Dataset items
··········

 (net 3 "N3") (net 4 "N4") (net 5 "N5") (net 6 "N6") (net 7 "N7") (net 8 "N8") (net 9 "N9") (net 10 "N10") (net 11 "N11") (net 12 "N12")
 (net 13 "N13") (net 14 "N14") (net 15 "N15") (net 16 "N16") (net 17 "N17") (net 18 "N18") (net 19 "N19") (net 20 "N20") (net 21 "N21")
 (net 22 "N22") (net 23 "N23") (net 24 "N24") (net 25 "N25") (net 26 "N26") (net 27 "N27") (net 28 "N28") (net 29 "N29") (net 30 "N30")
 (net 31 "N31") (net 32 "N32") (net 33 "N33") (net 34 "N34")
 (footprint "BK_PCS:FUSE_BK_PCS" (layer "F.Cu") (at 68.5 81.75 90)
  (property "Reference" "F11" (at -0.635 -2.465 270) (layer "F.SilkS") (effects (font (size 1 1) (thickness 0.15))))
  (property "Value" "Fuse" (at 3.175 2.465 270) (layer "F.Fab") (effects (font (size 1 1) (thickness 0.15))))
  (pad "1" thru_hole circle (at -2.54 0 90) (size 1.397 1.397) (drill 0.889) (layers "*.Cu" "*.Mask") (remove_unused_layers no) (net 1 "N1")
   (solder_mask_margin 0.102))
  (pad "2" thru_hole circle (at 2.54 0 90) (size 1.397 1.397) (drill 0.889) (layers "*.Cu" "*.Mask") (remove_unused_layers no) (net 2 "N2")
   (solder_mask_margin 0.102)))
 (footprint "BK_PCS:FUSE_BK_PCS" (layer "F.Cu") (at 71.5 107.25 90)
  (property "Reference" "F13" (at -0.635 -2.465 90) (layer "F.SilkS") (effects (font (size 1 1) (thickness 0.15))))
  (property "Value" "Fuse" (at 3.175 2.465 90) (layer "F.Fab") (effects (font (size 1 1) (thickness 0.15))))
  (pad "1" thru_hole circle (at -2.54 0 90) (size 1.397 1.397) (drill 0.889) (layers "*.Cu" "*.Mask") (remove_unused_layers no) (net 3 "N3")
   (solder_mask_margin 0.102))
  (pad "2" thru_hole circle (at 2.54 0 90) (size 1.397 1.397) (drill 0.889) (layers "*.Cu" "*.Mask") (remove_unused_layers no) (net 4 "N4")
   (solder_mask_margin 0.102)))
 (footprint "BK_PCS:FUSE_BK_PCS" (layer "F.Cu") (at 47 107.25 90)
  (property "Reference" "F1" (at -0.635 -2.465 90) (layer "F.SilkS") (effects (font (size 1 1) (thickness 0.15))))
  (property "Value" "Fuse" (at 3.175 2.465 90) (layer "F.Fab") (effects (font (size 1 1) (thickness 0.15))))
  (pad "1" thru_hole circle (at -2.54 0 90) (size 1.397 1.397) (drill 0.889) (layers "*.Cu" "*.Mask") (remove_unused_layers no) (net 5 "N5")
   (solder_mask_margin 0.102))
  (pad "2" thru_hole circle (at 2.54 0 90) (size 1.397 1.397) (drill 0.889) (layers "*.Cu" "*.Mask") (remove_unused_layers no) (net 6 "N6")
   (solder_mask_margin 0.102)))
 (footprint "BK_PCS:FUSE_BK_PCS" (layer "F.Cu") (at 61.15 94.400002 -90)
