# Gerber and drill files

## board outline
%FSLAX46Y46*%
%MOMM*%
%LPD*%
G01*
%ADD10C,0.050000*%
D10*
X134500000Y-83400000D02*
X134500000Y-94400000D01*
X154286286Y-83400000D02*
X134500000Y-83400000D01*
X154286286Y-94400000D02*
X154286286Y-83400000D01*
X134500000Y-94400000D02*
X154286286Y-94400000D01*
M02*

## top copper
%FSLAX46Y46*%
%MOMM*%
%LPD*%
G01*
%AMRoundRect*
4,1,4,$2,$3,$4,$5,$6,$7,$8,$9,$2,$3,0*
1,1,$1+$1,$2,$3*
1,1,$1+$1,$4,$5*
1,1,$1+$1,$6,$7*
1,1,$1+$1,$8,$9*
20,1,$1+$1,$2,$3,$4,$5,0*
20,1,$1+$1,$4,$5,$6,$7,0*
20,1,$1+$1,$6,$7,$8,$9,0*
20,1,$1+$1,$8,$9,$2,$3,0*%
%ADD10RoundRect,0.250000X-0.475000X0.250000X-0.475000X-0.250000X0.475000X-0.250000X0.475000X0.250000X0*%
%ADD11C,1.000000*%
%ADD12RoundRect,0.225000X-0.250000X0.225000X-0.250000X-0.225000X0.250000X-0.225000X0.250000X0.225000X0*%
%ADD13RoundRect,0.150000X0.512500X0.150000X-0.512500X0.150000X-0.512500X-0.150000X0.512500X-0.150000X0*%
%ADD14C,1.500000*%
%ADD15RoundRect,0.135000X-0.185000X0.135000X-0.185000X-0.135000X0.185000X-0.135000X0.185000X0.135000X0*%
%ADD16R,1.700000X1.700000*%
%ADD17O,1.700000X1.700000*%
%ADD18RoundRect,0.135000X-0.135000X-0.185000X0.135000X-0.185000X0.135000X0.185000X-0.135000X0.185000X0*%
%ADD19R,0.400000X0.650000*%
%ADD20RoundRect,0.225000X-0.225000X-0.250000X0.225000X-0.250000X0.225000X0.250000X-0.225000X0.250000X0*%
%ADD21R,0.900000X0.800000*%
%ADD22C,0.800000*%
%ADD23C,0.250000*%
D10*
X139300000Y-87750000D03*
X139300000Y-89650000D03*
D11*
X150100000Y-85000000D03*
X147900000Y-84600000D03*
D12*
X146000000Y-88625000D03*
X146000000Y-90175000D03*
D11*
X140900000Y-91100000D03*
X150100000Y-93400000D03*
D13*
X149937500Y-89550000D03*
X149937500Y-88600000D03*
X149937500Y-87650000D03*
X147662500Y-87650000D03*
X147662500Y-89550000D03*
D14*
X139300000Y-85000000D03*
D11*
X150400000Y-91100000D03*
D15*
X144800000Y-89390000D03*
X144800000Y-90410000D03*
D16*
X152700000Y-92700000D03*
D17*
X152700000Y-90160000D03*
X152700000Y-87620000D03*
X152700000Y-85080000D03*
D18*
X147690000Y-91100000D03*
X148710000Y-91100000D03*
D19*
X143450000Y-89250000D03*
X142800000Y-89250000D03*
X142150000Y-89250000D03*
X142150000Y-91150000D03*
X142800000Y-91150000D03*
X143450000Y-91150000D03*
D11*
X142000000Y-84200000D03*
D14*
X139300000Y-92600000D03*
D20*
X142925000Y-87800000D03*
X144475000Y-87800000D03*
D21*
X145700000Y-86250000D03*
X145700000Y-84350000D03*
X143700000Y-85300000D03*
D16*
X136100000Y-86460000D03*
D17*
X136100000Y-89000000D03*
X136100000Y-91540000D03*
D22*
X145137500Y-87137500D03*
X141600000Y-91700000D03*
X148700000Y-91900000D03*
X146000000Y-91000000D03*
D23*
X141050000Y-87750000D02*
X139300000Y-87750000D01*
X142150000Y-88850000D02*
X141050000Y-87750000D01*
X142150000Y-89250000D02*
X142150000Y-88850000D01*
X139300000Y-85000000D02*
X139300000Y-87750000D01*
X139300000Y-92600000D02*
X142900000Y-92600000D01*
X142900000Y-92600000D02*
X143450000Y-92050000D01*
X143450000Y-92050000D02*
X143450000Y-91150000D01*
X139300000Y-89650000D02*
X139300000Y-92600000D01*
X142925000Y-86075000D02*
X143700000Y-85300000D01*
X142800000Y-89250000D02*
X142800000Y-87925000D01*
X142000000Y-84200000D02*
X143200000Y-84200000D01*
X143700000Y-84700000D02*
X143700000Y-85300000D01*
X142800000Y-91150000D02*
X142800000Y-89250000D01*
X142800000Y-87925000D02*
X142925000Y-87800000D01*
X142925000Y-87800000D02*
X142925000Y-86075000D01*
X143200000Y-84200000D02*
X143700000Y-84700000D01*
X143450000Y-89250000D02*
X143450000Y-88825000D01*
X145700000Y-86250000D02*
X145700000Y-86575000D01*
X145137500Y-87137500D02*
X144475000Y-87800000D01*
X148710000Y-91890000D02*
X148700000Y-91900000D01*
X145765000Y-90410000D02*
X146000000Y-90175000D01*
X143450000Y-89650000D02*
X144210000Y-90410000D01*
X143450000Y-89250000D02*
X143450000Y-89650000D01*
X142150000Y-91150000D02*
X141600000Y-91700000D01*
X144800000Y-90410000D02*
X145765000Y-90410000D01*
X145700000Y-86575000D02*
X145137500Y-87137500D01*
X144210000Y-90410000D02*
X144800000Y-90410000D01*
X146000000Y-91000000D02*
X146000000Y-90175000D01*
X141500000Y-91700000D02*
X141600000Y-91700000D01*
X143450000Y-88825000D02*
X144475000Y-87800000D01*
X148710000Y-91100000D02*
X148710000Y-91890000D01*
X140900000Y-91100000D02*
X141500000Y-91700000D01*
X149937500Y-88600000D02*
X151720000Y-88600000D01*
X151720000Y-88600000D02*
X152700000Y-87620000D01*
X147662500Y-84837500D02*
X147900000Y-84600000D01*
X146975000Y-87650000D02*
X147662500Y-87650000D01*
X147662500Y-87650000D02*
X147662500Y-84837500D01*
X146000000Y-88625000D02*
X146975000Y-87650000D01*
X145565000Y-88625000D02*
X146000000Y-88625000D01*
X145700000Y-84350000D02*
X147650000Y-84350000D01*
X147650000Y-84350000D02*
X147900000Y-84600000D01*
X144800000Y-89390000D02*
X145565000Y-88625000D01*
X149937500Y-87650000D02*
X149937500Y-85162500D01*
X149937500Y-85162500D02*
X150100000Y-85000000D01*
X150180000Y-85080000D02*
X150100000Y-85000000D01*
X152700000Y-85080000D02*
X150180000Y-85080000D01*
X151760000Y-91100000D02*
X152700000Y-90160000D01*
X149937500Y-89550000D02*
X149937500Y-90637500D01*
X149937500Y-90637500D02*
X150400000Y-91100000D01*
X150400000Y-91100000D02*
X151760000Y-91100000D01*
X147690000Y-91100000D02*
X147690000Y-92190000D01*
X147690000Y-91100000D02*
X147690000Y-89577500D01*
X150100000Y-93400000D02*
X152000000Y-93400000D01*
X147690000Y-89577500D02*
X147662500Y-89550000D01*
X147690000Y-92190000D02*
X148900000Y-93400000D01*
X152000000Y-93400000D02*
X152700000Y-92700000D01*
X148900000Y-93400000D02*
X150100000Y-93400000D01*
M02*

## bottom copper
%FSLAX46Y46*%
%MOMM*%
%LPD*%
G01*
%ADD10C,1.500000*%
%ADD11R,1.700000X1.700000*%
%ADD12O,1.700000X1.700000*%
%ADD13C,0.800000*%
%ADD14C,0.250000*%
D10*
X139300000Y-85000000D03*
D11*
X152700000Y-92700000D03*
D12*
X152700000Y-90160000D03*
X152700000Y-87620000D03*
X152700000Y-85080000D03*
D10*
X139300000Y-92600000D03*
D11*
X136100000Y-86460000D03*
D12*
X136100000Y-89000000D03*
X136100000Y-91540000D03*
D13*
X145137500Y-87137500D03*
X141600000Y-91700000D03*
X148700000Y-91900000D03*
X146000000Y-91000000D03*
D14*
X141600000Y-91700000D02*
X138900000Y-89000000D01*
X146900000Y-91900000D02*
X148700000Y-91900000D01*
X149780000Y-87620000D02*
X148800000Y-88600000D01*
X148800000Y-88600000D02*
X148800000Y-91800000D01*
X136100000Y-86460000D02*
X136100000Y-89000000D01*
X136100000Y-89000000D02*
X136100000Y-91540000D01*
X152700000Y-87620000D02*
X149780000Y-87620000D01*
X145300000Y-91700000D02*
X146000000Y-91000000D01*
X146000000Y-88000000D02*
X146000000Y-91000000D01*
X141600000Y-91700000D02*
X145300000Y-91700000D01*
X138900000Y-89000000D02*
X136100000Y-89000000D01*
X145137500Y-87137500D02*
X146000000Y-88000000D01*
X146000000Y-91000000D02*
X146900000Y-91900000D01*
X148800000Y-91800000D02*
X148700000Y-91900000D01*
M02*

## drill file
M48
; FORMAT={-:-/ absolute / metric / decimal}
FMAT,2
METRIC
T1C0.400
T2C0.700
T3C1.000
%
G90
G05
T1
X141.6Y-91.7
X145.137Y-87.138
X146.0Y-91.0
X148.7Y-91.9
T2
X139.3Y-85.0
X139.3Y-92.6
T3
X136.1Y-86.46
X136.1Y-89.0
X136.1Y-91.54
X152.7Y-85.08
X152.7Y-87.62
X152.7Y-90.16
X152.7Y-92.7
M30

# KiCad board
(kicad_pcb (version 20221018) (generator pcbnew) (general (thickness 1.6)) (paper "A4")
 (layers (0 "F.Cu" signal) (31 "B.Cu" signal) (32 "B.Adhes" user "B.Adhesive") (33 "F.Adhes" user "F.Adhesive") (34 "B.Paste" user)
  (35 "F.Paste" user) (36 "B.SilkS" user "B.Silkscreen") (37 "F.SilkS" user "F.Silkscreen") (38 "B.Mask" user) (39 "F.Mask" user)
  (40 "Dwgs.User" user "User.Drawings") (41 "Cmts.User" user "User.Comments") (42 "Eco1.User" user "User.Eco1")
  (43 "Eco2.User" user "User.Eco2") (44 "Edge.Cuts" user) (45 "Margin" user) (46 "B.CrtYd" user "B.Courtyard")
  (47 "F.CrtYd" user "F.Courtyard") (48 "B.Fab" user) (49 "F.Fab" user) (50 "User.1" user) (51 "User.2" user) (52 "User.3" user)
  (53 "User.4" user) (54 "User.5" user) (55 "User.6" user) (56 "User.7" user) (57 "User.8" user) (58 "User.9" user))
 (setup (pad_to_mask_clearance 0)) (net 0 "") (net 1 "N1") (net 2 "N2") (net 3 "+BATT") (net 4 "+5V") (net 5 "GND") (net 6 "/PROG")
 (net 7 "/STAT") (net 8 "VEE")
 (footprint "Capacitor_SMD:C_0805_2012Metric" (layer "F.Cu") (at 139.3 88.7 -90)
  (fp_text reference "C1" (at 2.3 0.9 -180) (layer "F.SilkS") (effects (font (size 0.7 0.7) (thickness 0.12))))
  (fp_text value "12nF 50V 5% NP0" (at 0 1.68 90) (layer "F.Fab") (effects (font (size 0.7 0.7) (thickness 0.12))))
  (pad "1" smd roundrect (at -0.95 0 270) (size 1 1.45) (layers "F.Cu" "F.Paste" "F.Mask") (roundrect_rratio 0.25) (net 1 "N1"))
  (pad "2" smd roundrect (at 0.95 0 270) (size 1 1.45) (layers "F.Cu" "F.Paste" "F.Mask") (roundrect_rratio 0.25) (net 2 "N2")))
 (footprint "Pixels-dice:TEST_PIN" (layer "F.Cu") (at 150.1 85)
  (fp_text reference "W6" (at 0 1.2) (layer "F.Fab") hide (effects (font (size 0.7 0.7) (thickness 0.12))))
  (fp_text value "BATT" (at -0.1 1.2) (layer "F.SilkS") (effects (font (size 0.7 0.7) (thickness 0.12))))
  (pad "1" smd circle (at 0 0) (size 1 1) (layers "F.Cu" "F.Mask") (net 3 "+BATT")))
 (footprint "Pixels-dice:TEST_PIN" (layer "F.Cu") (at 147.9 84.6)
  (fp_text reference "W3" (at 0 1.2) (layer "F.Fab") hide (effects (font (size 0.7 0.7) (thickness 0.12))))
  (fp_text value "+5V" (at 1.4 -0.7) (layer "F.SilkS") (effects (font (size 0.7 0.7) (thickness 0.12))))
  (pad "1" smd circle (at 0 0) (size 1 1) (layers "F.Cu" "F.Mask") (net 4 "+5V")))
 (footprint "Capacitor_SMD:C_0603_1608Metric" (layer "F.Cu") (at 146 89.4 -90)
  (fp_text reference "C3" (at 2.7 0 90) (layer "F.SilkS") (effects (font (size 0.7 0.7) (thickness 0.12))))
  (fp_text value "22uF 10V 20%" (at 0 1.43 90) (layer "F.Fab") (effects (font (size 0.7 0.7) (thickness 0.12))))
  (pad "1" smd roundrect (at -0.775 0 270) (size 0.9 0.95) (layers "F.Cu" "F.Paste" "F.Mask") (roundrect_rratio 0.25) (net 4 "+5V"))
  (pad "2" smd roundrect (at 0.775 0 270) (size 0.9 0.95) (layers "F.Cu" "F.Paste" "F.Mask") (roundrect_rratio 0.25) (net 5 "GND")))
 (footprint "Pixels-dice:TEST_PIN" (layer "F.Cu") (at 140.9 91.1)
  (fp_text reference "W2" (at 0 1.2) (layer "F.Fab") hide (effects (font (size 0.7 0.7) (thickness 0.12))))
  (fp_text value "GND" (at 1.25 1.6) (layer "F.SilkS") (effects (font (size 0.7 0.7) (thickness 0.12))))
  (pad "1" smd circle (at 0 0) (size 1 1) (layers "F.Cu" "F.Mask") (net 5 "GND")))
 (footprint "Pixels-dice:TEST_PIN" (layer "F.Cu") (at 150.1 93.4)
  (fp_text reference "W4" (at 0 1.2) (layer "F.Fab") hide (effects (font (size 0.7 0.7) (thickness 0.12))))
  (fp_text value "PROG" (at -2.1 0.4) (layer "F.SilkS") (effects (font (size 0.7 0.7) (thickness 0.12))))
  (pad "1" smd circle (at 0 0) (size 1 1) (layers "F.Cu" "F.Mask") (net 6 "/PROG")))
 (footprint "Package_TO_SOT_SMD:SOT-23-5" (layer "F.Cu") (at 148.8 88.6 180)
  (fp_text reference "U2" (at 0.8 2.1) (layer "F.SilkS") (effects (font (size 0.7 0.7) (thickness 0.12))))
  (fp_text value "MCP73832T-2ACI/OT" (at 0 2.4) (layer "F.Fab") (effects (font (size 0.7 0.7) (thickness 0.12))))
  (pad "1" smd roundrect (at -1.1375 -0.95 180) (size 1.325 0.6) (layers "F.Cu" "F.Paste" "F.Mask") (roundrect_rratio 0.25) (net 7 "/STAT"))
  (pad "2" smd roundrect (at -1.1375 0 180) (size 1.325 0.6) (layers "F.Cu" "F.Paste" "F.Mask") (roundrect_rratio 0.25) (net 5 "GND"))
  (pad "3" smd roundrect (at -1.1375 0.95 180) (size 1.325 0.6) (layers "F.Cu" "F.Paste" "F.Mask") (roundrect_rratio 0.25) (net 3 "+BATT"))
  (pad "4" smd roundrect (at 1.1375 0.95 180) (size 1.325 0.6) (layers "F.Cu" "F.Paste" "F.Mask") (roundrect_rratio 0.25) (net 4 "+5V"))
  (pad "5" smd roundrect (at 1.1375 -0.95 180) (size 1.325 0.6) (layers "F.Cu" "F.Paste" "F.Mask") (roundrect_rratio 0.25) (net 6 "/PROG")))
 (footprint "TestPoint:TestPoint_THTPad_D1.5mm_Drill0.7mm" (layer "F.Cu") (at 139.3 85)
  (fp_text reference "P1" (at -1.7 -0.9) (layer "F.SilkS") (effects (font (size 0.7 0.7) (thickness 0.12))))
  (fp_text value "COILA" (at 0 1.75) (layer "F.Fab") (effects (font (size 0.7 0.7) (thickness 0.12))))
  (pad "1" thru_hole circle (at 0 0) (size 1.5 1.5) (drill 0.7) (layers "*.Cu" "*.Mask") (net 1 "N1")))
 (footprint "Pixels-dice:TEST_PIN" (layer "F.Cu") (at 150.4 91.1)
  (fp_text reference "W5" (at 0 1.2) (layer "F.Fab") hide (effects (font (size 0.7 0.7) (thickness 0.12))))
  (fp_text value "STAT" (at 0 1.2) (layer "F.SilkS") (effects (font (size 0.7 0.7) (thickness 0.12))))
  (pad "1" smd circle (at 0 0) (size 1 1) (layers "F.Cu" "F.Mask") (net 7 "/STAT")))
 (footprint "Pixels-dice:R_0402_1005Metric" (layer "F.Cu") (at 144.8 89.9 -90)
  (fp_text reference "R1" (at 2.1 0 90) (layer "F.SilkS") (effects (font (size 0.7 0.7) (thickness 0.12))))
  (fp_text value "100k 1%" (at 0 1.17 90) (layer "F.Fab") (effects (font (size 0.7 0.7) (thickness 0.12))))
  (pad "1" smd roundrect (at -0.51 0 270) (size 0.54 0.64) (layers "F.Cu" "F.Paste" "F.Mask") (roundrect_rratio 0.25) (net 4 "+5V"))
  (pad "2" smd roundrect (at 0.51 0 270) (size 0.54 0.64) (layers "F.Cu" "F.Paste" "F.Mask") (roundrect_rratio 0.25) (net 5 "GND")))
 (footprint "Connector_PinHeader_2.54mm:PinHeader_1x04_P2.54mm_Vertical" (layer "F.Cu") (at 152.7 92.7 180)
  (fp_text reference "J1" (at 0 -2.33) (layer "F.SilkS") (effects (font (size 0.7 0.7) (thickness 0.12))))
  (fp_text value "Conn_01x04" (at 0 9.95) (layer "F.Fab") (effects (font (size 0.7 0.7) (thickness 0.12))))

··········

● **Your goal**
Print the records verbatim, stopping after the "(remove_unused_layers no) (net 2" line.

● **Result of the task**
 (net 3 "N3") (net 4 "N4") (net 5 "N5") (net 6 "N6") (net 7 "N7") (net 8 "N8") (net 9 "N9") (net 10 "N10") (net 11 "N11") (net 12 "N12")
 (net 13 "N13") (net 14 "N14") (net 15 "N15") (net 16 "N16") (net 17 "N17") (net 18 "N18") (net 19 "N19") (net 20 "N20") (net 21 "N21")
 (net 22 "N22") (net 23 "N23") (net 24 "N24") (net 25 "N25") (net 26 "N26") (net 27 "N27") (net 28 "N28") (net 29 "N29") (net 30 "N30")
 (net 31 "N31") (net 32 "N32") (net 33 "N33") (net 34 "N34")
 (footprint "BK_PCS:FUSE_BK_PCS" (layer "F.Cu") (at 68.5 81.75 90)
  (property "Reference" "F11" (at -0.635 -2.465 270) (layer "F.SilkS") (effects (font (size 1 1) (thickness 0.15))))
  (property "Value" "Fuse" (at 3.175 2.465 270) (layer "F.Fab") (effects (font (size 1 1) (thickness 0.15))))
  (pad "1" thru_hole circle (at -2.54 0 90) (size 1.397 1.397) (drill 0.889) (layers "*.Cu" "*.Mask") (remove_unused_layers no) (net 1 "N1")
   (solder_mask_margin 0.102))
  (pad "2" thru_hole circle (at 2.54 0 90) (size 1.397 1.397) (drill 0.889) (layers "*.Cu" "*.Mask") (remove_unused_layers no) (net 2 "N2")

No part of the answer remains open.